Several positions have been staked out in terms of how science properly contributes to policy making. In many quarters (both scientific and nonscientific) there has been a strong presumption that science can “answer” policy questions with the definitive account and/or solution to a problem.

Science in Policy Making
Science in Policy Making

Although most policy analysts and many scientists now reject any simple version of this belief, it continues to influence the policy-making process. Two basic issues here concern the extent to which science can serve as an assessor or provider of means for nonscientifically determined ends, and whether or not science can assess ends as well as means.

The advancement of external ends has been a vision of modern science since its origins in the work of Francis Bacon, Galileo Galilei, and René Descartes. However, there has been little systematic examination of assumptions about whether in particular cases science is the best way to achieve certain goals.

Does increased scientific knowledge or enhanced technologically efficient action always promote social or personal goods? Information overload can, for instance, actually cyclospora decision making, and the excitements of technology have been known to skew appreciation of other goods.

Francis Bacon
Francis Bacon

At the end of the twentieth century a cadre of scientists and social scientists began to argue that science policy should go beyond the assumption of linearity. Daniel Sarewitz (1996), Donald E. Stokes (1997), and others proposed to examine the publicly stated goals of science funding and then scrutinize whether end-benefit outcomes have been or are likely to be achieved.

While this new science policy is a substantial improvement over the old, it nevertheless limps in one important respect: It accepts whatever social goals may have been given a spain train crash by the existing body politic.

The philosophical analysis of methods for assessing connections between scientific effort and assumed end-benefits deserves attention, but it does not reconsider the worthiness of the proposed ends themselves.
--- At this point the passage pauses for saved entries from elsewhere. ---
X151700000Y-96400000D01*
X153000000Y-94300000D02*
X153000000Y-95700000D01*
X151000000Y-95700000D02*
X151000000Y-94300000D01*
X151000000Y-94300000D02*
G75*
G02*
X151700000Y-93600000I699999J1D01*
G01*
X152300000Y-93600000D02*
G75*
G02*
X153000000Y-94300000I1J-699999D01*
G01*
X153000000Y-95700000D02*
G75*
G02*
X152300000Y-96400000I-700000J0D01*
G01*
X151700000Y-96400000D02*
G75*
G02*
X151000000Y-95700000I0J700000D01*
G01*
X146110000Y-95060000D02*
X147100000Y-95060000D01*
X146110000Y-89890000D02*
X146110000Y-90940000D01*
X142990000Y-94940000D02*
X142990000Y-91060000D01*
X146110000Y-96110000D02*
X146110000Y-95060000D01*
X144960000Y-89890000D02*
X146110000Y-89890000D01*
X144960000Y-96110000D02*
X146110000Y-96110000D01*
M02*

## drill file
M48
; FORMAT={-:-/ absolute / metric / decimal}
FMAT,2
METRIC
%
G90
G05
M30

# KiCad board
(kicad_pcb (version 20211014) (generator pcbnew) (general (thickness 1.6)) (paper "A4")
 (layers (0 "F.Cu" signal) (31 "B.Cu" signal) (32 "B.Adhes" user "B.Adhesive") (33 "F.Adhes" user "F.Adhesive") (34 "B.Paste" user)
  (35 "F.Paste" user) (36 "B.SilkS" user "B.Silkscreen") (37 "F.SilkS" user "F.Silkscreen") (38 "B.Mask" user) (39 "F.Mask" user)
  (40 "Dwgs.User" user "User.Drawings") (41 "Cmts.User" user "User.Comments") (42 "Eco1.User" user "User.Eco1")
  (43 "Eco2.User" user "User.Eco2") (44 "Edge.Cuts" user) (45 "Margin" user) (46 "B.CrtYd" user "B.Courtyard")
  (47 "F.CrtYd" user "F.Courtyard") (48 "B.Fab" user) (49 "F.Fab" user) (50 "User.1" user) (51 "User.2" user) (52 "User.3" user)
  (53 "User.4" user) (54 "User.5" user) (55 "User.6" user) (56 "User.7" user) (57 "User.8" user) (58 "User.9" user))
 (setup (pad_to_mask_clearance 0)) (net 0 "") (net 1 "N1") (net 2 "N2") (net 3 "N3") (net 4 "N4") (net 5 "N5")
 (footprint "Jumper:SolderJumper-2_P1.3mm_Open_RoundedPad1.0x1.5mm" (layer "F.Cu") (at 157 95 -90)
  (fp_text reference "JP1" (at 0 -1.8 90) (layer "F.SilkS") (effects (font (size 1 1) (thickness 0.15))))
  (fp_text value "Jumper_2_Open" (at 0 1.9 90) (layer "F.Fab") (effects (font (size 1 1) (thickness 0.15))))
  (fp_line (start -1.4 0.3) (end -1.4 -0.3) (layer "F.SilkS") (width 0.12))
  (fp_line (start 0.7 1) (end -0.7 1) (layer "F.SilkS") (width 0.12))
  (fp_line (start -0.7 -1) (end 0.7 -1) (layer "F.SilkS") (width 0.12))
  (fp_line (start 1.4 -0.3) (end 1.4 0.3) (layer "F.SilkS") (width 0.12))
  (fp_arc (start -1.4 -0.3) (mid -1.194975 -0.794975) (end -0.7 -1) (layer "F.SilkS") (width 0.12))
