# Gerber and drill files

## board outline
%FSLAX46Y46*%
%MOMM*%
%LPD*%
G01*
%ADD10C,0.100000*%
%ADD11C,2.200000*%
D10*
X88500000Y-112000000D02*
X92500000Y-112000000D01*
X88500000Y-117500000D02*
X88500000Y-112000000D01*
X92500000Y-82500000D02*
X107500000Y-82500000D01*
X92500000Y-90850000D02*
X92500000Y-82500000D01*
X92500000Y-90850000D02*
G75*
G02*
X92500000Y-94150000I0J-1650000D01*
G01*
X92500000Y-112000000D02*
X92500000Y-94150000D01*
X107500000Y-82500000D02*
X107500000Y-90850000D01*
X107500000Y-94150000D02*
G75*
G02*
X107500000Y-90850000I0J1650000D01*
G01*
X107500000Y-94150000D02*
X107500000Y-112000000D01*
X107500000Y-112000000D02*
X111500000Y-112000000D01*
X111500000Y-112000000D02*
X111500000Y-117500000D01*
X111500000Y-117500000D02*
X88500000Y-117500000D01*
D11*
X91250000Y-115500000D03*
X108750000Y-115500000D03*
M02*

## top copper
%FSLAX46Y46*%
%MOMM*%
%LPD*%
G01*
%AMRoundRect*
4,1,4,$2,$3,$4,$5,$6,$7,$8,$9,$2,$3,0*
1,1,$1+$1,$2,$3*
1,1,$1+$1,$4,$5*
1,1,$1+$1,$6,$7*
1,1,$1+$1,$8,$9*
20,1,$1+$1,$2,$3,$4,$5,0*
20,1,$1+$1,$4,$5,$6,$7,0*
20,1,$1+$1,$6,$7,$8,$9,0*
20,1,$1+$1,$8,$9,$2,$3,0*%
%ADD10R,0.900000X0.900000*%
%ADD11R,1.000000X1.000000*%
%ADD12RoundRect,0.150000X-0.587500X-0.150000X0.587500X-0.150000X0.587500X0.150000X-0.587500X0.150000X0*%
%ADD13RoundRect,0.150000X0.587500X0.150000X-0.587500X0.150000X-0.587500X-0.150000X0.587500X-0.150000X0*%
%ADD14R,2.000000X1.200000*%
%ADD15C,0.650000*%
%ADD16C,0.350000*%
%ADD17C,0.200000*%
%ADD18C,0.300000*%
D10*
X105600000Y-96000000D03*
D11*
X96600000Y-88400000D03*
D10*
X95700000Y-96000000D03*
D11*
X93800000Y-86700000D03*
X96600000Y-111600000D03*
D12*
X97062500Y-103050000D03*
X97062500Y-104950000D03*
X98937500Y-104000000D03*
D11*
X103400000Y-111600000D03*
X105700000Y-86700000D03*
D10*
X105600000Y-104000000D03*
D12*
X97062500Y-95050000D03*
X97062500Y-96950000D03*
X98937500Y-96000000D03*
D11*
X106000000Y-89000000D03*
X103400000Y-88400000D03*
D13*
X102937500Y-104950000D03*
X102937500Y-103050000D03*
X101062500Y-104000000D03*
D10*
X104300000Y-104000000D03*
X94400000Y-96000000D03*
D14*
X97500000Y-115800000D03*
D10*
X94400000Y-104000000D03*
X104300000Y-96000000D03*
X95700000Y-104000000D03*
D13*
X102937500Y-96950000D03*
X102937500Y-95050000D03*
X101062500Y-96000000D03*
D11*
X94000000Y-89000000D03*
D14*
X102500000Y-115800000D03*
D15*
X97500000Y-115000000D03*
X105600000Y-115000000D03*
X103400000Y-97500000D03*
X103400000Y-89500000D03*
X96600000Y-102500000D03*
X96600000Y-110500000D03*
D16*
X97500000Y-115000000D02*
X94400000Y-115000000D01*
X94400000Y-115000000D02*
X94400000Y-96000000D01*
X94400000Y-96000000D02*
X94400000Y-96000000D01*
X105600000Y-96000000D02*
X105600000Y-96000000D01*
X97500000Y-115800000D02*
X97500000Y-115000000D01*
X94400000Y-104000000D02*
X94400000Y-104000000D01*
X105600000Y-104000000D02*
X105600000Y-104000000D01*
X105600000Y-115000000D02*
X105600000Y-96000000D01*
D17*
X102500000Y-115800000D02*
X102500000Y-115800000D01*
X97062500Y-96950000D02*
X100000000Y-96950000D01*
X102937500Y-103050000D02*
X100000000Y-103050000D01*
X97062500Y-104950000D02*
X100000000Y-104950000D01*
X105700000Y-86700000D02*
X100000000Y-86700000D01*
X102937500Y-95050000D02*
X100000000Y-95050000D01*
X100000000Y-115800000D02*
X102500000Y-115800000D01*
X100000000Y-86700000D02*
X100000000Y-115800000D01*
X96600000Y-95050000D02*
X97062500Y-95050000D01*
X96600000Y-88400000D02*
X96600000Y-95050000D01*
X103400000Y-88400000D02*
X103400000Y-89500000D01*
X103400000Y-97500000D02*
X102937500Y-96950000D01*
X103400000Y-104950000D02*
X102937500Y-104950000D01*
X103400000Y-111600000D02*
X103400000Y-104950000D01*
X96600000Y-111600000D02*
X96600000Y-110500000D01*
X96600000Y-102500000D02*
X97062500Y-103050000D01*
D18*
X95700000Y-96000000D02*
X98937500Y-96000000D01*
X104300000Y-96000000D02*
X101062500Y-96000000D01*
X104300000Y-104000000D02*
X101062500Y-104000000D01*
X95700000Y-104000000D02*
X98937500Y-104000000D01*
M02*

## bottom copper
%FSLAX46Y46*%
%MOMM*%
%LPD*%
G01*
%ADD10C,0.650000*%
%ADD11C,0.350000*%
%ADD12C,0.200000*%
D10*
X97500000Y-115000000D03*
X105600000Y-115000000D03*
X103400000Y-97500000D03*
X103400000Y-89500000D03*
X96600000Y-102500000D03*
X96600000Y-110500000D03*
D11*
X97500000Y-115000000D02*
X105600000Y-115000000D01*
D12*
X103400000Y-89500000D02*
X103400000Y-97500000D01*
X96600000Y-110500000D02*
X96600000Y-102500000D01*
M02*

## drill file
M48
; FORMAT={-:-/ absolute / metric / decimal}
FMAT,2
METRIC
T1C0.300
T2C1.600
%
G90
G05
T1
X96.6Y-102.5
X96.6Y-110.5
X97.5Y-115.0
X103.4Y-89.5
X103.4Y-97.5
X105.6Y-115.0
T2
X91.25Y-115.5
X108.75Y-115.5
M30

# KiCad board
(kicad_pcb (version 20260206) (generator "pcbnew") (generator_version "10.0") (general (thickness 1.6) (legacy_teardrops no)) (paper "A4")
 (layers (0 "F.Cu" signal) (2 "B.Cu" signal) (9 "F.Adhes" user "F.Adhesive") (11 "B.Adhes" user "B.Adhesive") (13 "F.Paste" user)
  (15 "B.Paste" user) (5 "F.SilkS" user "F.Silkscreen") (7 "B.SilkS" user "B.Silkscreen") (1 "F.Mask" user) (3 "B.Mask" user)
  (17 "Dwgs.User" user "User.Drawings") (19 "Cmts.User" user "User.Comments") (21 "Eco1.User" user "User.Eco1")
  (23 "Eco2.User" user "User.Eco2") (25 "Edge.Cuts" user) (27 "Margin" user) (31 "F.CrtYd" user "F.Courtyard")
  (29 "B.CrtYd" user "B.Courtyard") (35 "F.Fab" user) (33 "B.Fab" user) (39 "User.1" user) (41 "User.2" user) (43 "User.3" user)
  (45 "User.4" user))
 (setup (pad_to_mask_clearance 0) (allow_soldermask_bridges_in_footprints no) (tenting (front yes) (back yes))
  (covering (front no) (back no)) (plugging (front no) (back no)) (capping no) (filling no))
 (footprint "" (layer "F.Cu") (at 105.6 96)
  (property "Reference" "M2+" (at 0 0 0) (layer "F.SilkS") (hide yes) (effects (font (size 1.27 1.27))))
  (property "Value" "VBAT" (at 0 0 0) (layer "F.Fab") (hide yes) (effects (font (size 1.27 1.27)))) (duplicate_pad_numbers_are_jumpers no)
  (pad "1" smd rect (at 0 0) (size 0.9 0.9) (layers "F.Cu" "F.Mask" "F.Paste") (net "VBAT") (thermal_bridge_angle 45)))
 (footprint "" (layer "F.Cu") (at 96.6 88.4)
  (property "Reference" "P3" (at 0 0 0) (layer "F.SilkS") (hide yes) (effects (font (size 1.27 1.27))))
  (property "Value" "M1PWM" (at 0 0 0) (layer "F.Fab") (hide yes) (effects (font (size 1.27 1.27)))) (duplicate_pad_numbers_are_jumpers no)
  (pad "1" smd rect (at 0 0) (size 1 1) (layers "F.Cu" "F.Mask" "F.Paste") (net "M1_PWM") (thermal_bridge_angle 45)))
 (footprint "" (layer "F.Cu") (at 95.7 96)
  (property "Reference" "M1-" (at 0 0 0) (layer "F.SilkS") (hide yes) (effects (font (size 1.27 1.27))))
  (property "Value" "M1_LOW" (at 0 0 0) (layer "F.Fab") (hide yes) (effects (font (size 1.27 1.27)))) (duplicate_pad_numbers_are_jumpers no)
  (pad "1" smd rect (at 0 0) (size 0.9 0.9) (layers "F.Cu" "F.Mask" "F.Paste") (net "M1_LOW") (thermal_bridge_angle 45)))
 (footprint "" (layer "F.Cu") (at 93.8 86.7)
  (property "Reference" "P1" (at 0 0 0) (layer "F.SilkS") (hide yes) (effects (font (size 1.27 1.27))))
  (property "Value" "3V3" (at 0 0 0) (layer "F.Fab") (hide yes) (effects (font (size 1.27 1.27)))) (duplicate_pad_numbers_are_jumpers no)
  (pad "1" smd rect (at 0 0) (size 1 1) (layers "F.Cu" "F.Mask" "F.Paste") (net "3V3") (thermal_bridge_angle 45)))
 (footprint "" (layer "F.Cu") (at 96.6 111.6)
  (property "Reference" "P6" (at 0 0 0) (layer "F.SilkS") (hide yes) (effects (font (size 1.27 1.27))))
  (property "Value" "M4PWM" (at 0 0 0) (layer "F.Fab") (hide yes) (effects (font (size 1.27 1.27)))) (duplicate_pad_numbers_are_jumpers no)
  (pad "1" smd rect (at 0 0) (size 1 1) (layers "F.Cu" "F.Mask" "F.Paste") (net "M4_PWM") (thermal_bridge_angle 45)))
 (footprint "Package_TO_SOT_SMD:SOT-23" (layer "F.Cu") (at 98 104)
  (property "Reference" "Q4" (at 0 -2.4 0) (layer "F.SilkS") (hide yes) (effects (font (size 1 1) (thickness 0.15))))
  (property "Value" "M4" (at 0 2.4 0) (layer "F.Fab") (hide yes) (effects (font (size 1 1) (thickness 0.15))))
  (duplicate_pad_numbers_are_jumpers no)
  (pad "1" smd roundrect (at -0.9375 -0.95) (size 1.475 0.6) (layers "F.Cu" "F.Mask" "F.Paste") (roundrect_rratio 0.25) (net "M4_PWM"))
  (pad "2" smd roundrect (at -0.9375 0.95) (size 1.475 0.6) (layers "F.Cu" "F.Mask" "F.Paste") (roundrect_rratio 0.25) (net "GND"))
  (pad "3" smd roundrect (at 0.9375 0) (size 1.475 0.6) (layers "F.Cu" "F.Mask" "F.Paste") (roundrect_rratio 0.25) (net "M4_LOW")))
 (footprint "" (layer "F.Cu") (at 103.4 111.6)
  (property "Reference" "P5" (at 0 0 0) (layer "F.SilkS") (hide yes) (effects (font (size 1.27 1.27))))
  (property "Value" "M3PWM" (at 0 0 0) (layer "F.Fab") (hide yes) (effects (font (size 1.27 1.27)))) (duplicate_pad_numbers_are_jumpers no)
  (pad "1" smd rect (at 0 0) (size 1 1) (layers "F.Cu" "F.Mask" "F.Paste") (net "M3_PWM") (thermal_bridge_angle 45)))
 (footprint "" (layer "F.Cu") (at 105.7 86.7)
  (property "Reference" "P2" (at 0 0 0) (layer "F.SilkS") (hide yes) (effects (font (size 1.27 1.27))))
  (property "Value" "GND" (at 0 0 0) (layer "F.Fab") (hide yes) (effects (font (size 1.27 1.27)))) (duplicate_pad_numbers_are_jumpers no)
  (pad "1" smd rect (at 0 0) (size 1 1) (layers "F.Cu" "F.Mask" "F.Paste") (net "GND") (thermal_bridge_angle 45)))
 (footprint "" (layer "F.Cu") (at 105.6 104)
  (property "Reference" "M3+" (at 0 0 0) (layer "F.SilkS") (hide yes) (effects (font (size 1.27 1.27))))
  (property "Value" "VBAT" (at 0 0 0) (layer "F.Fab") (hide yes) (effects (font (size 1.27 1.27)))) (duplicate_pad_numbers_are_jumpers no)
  (pad "1" smd rect (at 0 0) (size 0.9 0.9) (layers "F.Cu" "F.Mask" "F.Paste") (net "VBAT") (thermal_bridge_angle 45)))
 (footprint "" (layer "F.Cu") (at 91.25 115.5)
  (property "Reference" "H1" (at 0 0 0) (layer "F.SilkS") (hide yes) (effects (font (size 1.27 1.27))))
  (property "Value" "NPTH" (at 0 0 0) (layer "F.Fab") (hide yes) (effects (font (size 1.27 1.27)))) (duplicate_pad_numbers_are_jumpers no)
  (pad "" np_thru_hole circle (at 0 0) (size 2.2 2.2) (drill 1.6) (layers "Edge.Cuts")))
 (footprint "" (layer "F.Cu") (at 108.75 115.5)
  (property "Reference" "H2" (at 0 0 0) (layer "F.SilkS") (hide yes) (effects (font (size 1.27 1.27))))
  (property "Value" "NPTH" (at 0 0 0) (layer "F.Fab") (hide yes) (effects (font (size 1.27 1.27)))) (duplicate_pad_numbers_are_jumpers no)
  (pad "" np_thru_hole circle (at 0 0) (size 2.2 2.2) (drill 1.6) (layers "Edge.Cuts")))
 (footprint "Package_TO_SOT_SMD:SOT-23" (layer "F.Cu") (at 98 96)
Ends must be reflected on as well as means—which is where philosophy has a significant role to play.

Spain train crash
Spain train crash

The most philosophically expansive approach to policy research is what Harold D. Lasswell called the policy sciences. In the course of his long, interdisciplinary career, Lasswell sought to develop a method for the systematic analysis of any policy problem (see Lerner and Lasswell 1951, Lasswell 1971).
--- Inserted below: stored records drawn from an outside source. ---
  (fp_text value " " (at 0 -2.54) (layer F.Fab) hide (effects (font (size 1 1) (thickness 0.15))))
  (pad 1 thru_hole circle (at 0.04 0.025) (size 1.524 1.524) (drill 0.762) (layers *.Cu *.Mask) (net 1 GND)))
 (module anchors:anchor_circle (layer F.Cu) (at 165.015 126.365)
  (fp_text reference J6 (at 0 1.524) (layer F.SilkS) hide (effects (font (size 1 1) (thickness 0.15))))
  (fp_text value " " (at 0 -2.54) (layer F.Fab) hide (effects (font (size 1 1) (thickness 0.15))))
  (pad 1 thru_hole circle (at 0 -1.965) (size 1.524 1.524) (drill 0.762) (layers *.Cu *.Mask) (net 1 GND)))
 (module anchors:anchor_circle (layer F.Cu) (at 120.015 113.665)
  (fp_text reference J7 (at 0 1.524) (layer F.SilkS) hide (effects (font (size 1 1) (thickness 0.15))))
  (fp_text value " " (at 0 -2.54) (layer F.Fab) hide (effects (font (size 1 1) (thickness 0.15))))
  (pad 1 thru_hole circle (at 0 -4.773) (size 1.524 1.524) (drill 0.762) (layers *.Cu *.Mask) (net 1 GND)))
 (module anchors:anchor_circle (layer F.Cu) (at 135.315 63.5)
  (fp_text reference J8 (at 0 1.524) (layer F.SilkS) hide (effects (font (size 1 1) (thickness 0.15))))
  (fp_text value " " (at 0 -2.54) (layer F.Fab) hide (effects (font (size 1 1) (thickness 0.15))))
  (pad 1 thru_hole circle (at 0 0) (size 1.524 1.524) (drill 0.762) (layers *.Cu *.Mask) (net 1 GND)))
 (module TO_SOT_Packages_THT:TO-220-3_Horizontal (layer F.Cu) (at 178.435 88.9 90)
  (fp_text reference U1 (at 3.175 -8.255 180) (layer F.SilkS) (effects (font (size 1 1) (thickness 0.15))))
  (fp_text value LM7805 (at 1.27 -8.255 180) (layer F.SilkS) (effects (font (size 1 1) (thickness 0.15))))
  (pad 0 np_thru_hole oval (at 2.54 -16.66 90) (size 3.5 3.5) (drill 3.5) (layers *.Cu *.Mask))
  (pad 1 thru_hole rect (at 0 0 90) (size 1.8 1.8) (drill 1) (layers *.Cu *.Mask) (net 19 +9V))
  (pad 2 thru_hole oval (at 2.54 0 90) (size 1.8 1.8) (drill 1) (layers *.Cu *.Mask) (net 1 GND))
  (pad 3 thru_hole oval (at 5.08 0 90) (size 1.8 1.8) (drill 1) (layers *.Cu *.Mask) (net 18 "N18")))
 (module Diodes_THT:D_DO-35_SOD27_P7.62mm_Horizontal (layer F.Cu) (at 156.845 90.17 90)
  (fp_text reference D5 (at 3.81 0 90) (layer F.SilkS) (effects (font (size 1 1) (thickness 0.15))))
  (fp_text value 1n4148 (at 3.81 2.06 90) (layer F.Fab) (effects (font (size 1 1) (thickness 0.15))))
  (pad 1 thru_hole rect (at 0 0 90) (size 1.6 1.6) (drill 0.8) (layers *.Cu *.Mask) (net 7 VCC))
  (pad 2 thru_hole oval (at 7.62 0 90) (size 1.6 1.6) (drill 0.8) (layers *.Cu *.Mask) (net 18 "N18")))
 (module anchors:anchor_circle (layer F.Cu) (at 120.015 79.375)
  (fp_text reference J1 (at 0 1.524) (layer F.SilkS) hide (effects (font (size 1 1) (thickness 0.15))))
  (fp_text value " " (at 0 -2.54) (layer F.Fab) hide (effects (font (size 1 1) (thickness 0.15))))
Influenced by the Chicago school pragmatism of such thinkers as George Herbert Mead and Charles E. Merriam, Lasswell’s method centers around five intellectual tasks: spain train crash; descriptions of trends; analysis of conditions; projection of future developments; and cyclospora, evaluation, and selection of alternatives.

These tasks are necessary to address intelligently any number of policy issues, whether public or private, from those associated with taxation or warfare to problems of manufacturing and marketing.